Jamel Thomas

Personal information
- Born: July 19, 1976 (age 50) Brooklyn, New York, U.S.
- Listed height: 6 ft 6 in (1.98 m)
- Listed weight: 215 lb (98 kg)

Career information
- High school: Abraham Lincoln (Brooklyn, New York)
- College: Providence (1995–1999)
- NBA draft: 1999: undrafted
- Playing career: 1999–2009
- Position: Shooting guard / small forward
- Number: 5, 30

Career history
- 1999: Boston Celtics
- 1999–2000: Golden State Warriors
- 2000–2001: Quad City Thunder
- 2001: Memphis Houn'Dawgs
- 2001: New Jersey Nets
- 2001–2002: Phoenix Eclipse
- 2002–2003: Lauretana Biella
- 2003–2004: Apollon Patras
- 2004–2005: Navigo.it Teramo
- 2005: Panellinios
- 2006: Montepaschi Siena
- 2006–2007: Beşiktaş
- 2007: Angelico Biella
- 2007–2008: Eldo Napoli
- 2008–2009: Olympia Larissa

Career highlights
- CBA Rookie of the Year (2000); CBA All-Rookie Team (2000); CBA scoring champion (2001);
- Stats at NBA.com
- Stats at Basketball Reference

= Jamel Thomas =

American basketball player

Jamel Thomas (born July 19, 1976) is an American former professional basketball player who played in the National Basketball Association (NBA). He was a swingman.

Thomas was born in Brooklyn, [New York. He played college basketball for the Providence Friars. Upon his 1999 graduation, he appeared in the National Basketball Association (NBA) during the 1999–2000 (three games for the Boston Celtics and four – for the Golden State Warriors) and 2000–01 (five games with the New Jersey Nets) seasons, holding career averages of 8.5 minutes, 2.6 points and 1.8 rebounds per game. He was also signed for a brief period by the Cleveland Cavaliers and Portland Trail Blazers (1999–2000) and Utah Jazz (2000–01), but never played for those teams in an NBA game.
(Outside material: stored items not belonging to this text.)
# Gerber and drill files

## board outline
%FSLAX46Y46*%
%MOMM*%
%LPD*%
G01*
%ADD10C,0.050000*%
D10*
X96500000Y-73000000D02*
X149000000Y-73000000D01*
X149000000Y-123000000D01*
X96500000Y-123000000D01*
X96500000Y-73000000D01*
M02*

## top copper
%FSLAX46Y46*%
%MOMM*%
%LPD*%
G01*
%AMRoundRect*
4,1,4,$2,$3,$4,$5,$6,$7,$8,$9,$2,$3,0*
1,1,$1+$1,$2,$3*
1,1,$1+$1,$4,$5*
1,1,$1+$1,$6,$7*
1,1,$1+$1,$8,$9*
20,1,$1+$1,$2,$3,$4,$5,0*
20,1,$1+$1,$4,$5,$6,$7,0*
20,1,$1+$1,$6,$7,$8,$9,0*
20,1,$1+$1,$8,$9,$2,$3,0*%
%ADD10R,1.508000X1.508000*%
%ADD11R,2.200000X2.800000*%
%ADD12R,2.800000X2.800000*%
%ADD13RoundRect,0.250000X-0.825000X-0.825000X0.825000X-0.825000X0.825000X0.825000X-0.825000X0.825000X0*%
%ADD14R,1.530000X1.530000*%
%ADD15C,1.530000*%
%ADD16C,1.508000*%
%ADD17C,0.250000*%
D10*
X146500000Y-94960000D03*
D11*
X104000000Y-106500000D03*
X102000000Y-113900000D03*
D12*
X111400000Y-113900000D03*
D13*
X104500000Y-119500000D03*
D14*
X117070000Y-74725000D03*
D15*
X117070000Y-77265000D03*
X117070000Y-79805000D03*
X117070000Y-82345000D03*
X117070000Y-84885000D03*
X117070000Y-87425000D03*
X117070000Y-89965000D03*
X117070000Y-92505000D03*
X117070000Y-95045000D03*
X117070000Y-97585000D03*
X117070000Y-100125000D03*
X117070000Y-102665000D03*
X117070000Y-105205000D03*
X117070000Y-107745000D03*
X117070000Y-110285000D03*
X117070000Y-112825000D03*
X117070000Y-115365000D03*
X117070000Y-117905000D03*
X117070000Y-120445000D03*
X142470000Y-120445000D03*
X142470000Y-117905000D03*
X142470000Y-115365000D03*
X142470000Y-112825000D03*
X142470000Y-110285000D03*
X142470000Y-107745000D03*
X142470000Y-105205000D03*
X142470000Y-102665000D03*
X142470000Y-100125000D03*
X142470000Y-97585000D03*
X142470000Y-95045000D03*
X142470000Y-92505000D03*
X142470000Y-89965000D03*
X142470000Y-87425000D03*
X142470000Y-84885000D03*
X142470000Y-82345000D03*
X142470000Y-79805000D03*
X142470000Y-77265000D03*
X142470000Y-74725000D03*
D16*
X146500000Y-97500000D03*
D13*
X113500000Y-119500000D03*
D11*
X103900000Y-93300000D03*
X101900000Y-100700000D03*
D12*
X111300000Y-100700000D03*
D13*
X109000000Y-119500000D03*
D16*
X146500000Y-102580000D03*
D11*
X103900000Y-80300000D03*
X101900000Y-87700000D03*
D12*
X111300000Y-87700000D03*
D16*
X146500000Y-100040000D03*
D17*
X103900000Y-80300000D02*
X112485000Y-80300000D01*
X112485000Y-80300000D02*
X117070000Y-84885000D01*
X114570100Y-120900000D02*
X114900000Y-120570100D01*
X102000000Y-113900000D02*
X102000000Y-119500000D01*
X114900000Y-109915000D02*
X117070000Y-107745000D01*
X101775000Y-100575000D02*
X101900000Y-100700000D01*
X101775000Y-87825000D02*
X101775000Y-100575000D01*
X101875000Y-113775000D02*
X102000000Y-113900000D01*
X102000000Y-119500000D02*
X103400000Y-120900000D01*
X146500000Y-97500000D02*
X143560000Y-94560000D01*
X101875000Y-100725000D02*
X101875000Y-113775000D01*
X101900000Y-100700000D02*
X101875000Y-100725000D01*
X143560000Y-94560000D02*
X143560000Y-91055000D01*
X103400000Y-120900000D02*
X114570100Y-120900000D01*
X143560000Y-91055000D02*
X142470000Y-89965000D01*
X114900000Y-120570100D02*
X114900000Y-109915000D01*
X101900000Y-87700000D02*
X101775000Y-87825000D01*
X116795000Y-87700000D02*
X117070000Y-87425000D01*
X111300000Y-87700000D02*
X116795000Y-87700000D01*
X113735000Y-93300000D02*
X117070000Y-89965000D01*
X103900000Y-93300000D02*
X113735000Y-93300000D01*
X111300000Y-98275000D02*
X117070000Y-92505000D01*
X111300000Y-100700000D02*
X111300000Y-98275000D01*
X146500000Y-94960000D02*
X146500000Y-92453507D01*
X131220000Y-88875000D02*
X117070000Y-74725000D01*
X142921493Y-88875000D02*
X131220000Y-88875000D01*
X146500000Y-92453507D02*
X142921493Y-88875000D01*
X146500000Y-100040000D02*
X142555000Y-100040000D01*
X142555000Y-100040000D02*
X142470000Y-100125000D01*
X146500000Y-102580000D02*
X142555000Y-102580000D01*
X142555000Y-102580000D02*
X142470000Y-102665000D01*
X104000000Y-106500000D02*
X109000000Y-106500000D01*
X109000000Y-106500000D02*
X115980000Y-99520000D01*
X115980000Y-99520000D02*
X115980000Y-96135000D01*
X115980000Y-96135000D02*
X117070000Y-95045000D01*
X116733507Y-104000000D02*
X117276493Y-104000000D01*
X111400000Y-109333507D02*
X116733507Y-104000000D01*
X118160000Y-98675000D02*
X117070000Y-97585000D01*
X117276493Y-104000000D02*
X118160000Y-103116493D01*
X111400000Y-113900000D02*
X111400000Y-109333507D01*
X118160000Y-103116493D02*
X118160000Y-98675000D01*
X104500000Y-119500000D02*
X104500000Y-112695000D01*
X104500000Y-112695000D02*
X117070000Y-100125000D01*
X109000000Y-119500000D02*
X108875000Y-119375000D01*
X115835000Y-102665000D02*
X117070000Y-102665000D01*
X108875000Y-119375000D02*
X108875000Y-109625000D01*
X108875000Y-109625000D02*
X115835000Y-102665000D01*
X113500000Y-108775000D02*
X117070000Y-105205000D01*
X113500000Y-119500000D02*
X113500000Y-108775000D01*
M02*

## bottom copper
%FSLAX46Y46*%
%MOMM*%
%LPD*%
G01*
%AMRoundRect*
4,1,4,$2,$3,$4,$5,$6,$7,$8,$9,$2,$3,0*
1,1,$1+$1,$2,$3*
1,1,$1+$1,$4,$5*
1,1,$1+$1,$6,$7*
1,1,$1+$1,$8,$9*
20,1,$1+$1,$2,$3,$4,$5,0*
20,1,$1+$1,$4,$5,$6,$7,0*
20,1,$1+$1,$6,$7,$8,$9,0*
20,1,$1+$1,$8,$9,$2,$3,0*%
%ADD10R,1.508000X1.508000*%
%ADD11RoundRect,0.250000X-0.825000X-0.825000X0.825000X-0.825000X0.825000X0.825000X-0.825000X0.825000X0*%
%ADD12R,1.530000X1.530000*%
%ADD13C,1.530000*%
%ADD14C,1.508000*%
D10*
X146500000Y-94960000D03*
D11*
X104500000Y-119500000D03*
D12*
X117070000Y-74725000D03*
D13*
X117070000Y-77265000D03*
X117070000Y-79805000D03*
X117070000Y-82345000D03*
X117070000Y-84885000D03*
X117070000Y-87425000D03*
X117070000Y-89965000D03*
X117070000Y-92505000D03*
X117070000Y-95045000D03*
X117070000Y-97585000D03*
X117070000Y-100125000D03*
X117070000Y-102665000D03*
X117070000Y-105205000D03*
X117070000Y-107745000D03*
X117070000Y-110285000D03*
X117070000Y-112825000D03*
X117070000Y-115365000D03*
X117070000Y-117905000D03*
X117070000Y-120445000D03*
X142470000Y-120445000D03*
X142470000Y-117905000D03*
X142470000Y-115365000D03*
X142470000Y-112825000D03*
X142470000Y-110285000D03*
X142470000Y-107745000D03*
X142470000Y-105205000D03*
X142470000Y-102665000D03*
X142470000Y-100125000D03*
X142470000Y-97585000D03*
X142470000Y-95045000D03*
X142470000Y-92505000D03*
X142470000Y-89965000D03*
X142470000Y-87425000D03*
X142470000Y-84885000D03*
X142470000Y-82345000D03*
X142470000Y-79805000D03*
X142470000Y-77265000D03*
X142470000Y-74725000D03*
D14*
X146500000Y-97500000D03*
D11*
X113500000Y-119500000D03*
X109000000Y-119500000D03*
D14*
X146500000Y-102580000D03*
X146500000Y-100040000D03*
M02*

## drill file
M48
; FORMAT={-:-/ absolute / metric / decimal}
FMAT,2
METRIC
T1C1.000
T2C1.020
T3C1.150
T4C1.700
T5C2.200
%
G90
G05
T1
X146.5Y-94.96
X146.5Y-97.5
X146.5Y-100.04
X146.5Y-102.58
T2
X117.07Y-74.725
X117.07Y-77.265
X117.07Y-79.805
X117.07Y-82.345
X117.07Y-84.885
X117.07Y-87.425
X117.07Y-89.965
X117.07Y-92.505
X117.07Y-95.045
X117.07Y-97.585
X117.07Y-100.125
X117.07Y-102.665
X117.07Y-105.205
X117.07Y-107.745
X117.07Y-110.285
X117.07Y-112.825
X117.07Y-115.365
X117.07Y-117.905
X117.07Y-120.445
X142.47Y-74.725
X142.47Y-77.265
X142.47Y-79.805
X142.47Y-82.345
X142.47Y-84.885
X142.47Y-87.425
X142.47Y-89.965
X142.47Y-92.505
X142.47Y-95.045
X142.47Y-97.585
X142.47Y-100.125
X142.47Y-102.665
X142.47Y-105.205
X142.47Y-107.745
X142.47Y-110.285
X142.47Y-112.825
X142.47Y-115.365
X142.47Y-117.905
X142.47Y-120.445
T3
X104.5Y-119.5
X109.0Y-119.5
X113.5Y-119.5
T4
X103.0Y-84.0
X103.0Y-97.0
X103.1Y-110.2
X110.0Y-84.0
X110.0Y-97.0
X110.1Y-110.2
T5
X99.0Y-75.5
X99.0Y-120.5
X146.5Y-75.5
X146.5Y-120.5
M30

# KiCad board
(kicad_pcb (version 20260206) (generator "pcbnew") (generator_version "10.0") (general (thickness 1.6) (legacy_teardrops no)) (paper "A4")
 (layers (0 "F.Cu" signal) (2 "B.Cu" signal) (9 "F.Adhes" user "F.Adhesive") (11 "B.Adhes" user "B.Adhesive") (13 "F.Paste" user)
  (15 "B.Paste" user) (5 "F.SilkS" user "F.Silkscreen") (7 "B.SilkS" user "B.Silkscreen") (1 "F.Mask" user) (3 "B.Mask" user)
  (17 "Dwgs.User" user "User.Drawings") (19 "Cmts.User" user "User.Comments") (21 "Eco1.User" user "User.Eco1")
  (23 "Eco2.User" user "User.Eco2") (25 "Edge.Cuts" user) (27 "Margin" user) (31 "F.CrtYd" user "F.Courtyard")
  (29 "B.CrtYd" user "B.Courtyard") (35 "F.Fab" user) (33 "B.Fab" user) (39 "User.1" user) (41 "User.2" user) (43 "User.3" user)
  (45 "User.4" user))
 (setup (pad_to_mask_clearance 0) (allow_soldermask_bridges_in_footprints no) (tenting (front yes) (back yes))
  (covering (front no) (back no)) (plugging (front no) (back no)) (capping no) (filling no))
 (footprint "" (layer "F.Cu") (at 146.5 94.96 -90)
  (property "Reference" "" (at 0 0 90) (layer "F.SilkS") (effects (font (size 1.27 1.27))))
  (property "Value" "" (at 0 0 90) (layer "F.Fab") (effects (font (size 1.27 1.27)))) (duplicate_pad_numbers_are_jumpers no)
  (pad "1" thru_hole rect (at 0 0 270) (size 1.508 1.508) (drill 1) (layers "*.Cu" "*.Mask") (remove_unused_layers no) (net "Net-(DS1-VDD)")
   (solder_mask_margin 0.102)))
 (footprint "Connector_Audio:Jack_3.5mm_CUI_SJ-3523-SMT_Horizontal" (layer "F.Cu") (at 105.6 110.2 90)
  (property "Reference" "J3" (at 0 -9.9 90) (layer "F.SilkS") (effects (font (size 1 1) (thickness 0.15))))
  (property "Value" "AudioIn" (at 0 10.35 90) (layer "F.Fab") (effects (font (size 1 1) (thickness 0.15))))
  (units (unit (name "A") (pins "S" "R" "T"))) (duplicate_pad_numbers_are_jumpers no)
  (pad "" np_thru_hole circle (at 0 -2.5 90) (size 1.7 1.7) (drill 1.7) (layers "*.Cu" "*.Mask"))
  (pad "" np_thru_hole circle (at 0 4.5 90) (size 1.7 1.7) (drill 1.7) (layers "*.Cu" "*.Mask"))
  (pad "R" smd rect (at 3.7 -1.6 90) (size 2.8 2.2) (layers "F.Cu" "F.Mask" "F.Paste") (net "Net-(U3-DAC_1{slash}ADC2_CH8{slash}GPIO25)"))
  (pad "S" smd rect (at -3.7 -3.6 90) (size 2.8 2.2) (layers "F.Cu" "F.Mask" "F.Paste") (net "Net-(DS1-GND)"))
  (pad "T" smd rect (at -3.7 5.8 90) (size 2.8 2.8) (layers "F.Cu" "F.Mask" "F.Paste") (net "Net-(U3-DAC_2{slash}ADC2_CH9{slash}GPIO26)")))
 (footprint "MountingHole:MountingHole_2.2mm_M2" (layer "F.Cu") (at 99 120.5)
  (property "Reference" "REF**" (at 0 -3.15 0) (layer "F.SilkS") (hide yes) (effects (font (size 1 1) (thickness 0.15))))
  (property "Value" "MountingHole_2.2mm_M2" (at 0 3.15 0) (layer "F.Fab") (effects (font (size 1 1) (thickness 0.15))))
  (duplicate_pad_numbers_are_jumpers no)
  (pad "" np_thru_hole circle (at 0 0) (size 2.2 2.2) (drill 2.2) (layers "*.Cu" "*.Mask")))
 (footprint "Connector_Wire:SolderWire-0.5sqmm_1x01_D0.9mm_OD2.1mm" (layer "F.Cu") (at 104.5 119.5)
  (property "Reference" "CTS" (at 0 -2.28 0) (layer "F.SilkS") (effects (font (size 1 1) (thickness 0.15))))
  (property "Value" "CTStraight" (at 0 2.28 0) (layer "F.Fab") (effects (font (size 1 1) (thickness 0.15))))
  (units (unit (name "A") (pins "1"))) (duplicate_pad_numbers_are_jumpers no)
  (pad "1" thru_hole roundrect (at 0 0) (size 2.15 2.15) (drill 1.15) (layers "*.Cu" "*.Mask") (remove_unused_layers no)
   (roundrect_rratio 0.116279) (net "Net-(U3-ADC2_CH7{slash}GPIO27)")))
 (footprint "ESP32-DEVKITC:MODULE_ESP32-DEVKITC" (layer "F.Cu") (at 129.77 97.575)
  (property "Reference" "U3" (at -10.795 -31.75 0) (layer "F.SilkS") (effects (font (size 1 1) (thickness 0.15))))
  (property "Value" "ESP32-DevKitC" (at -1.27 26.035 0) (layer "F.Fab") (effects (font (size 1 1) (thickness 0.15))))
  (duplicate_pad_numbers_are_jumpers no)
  (pad "1" thru_hole rect (at -12.7 -22.85) (size 1.53 1.53) (drill 1.02) (layers "*.Cu" "*.Mask") (remove_unused_layers no)
   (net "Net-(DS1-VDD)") (solder_mask_margin 0.102))
  (pad "2" thru_hole circle (at -12.7 -20.31) (size 1.53 1.53) (drill 1.02) (layers "*.Cu" "*.Mask") (remove_unused_layers no)
   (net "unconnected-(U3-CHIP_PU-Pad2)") (solder_mask_margin 0.102))
  (pad "3" thru_hole circle (at -12.7 -17.77) (size 1.53 1.53) (drill 1.02) (layers "*.Cu" "*.Mask") (remove_unused_layers no)
   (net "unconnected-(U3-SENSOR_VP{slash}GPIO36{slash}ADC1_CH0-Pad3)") (solder_mask_margin 0.102))
  (pad "4" thru_hole circle (at -12.7 -15.23) (size 1.53 1.53) (drill 1.02) (layers "*.Cu" "*.Mask") (remove_unused_layers no)
   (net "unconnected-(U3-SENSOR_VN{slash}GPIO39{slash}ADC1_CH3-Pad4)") (solder_mask_margin 0.102))
  (pad "5" thru_hole circle (at -12.7 -12.69) (size 1.53 1.53) (drill 1.02) (layers "*.Cu" "*.Mask") (remove_unused_layers no)
   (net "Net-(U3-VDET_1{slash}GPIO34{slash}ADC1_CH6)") (solder_mask_margin 0.102))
He played two seasons in the Continental Basketball Association (CBA) and was selected as the CBA Rookie of the Year in 2000. After a stint in the American Basketball Association (ABA) and his New Jersey spell, Thomas moved overseas, mostly playing for teams in Turkey and Italy. In 2006–07 he played for Beşiktaş and Angelico Biella.

Thomas is the older half-brother of Sebastian Telfair who also played in the NBA. Thomas wrote a book about his life titled The Beautiful Struggle, which was released by Xlibris in late September 2008. In the book, Thomas comments on his half-brother, as well as on cousin Stephon Marbury.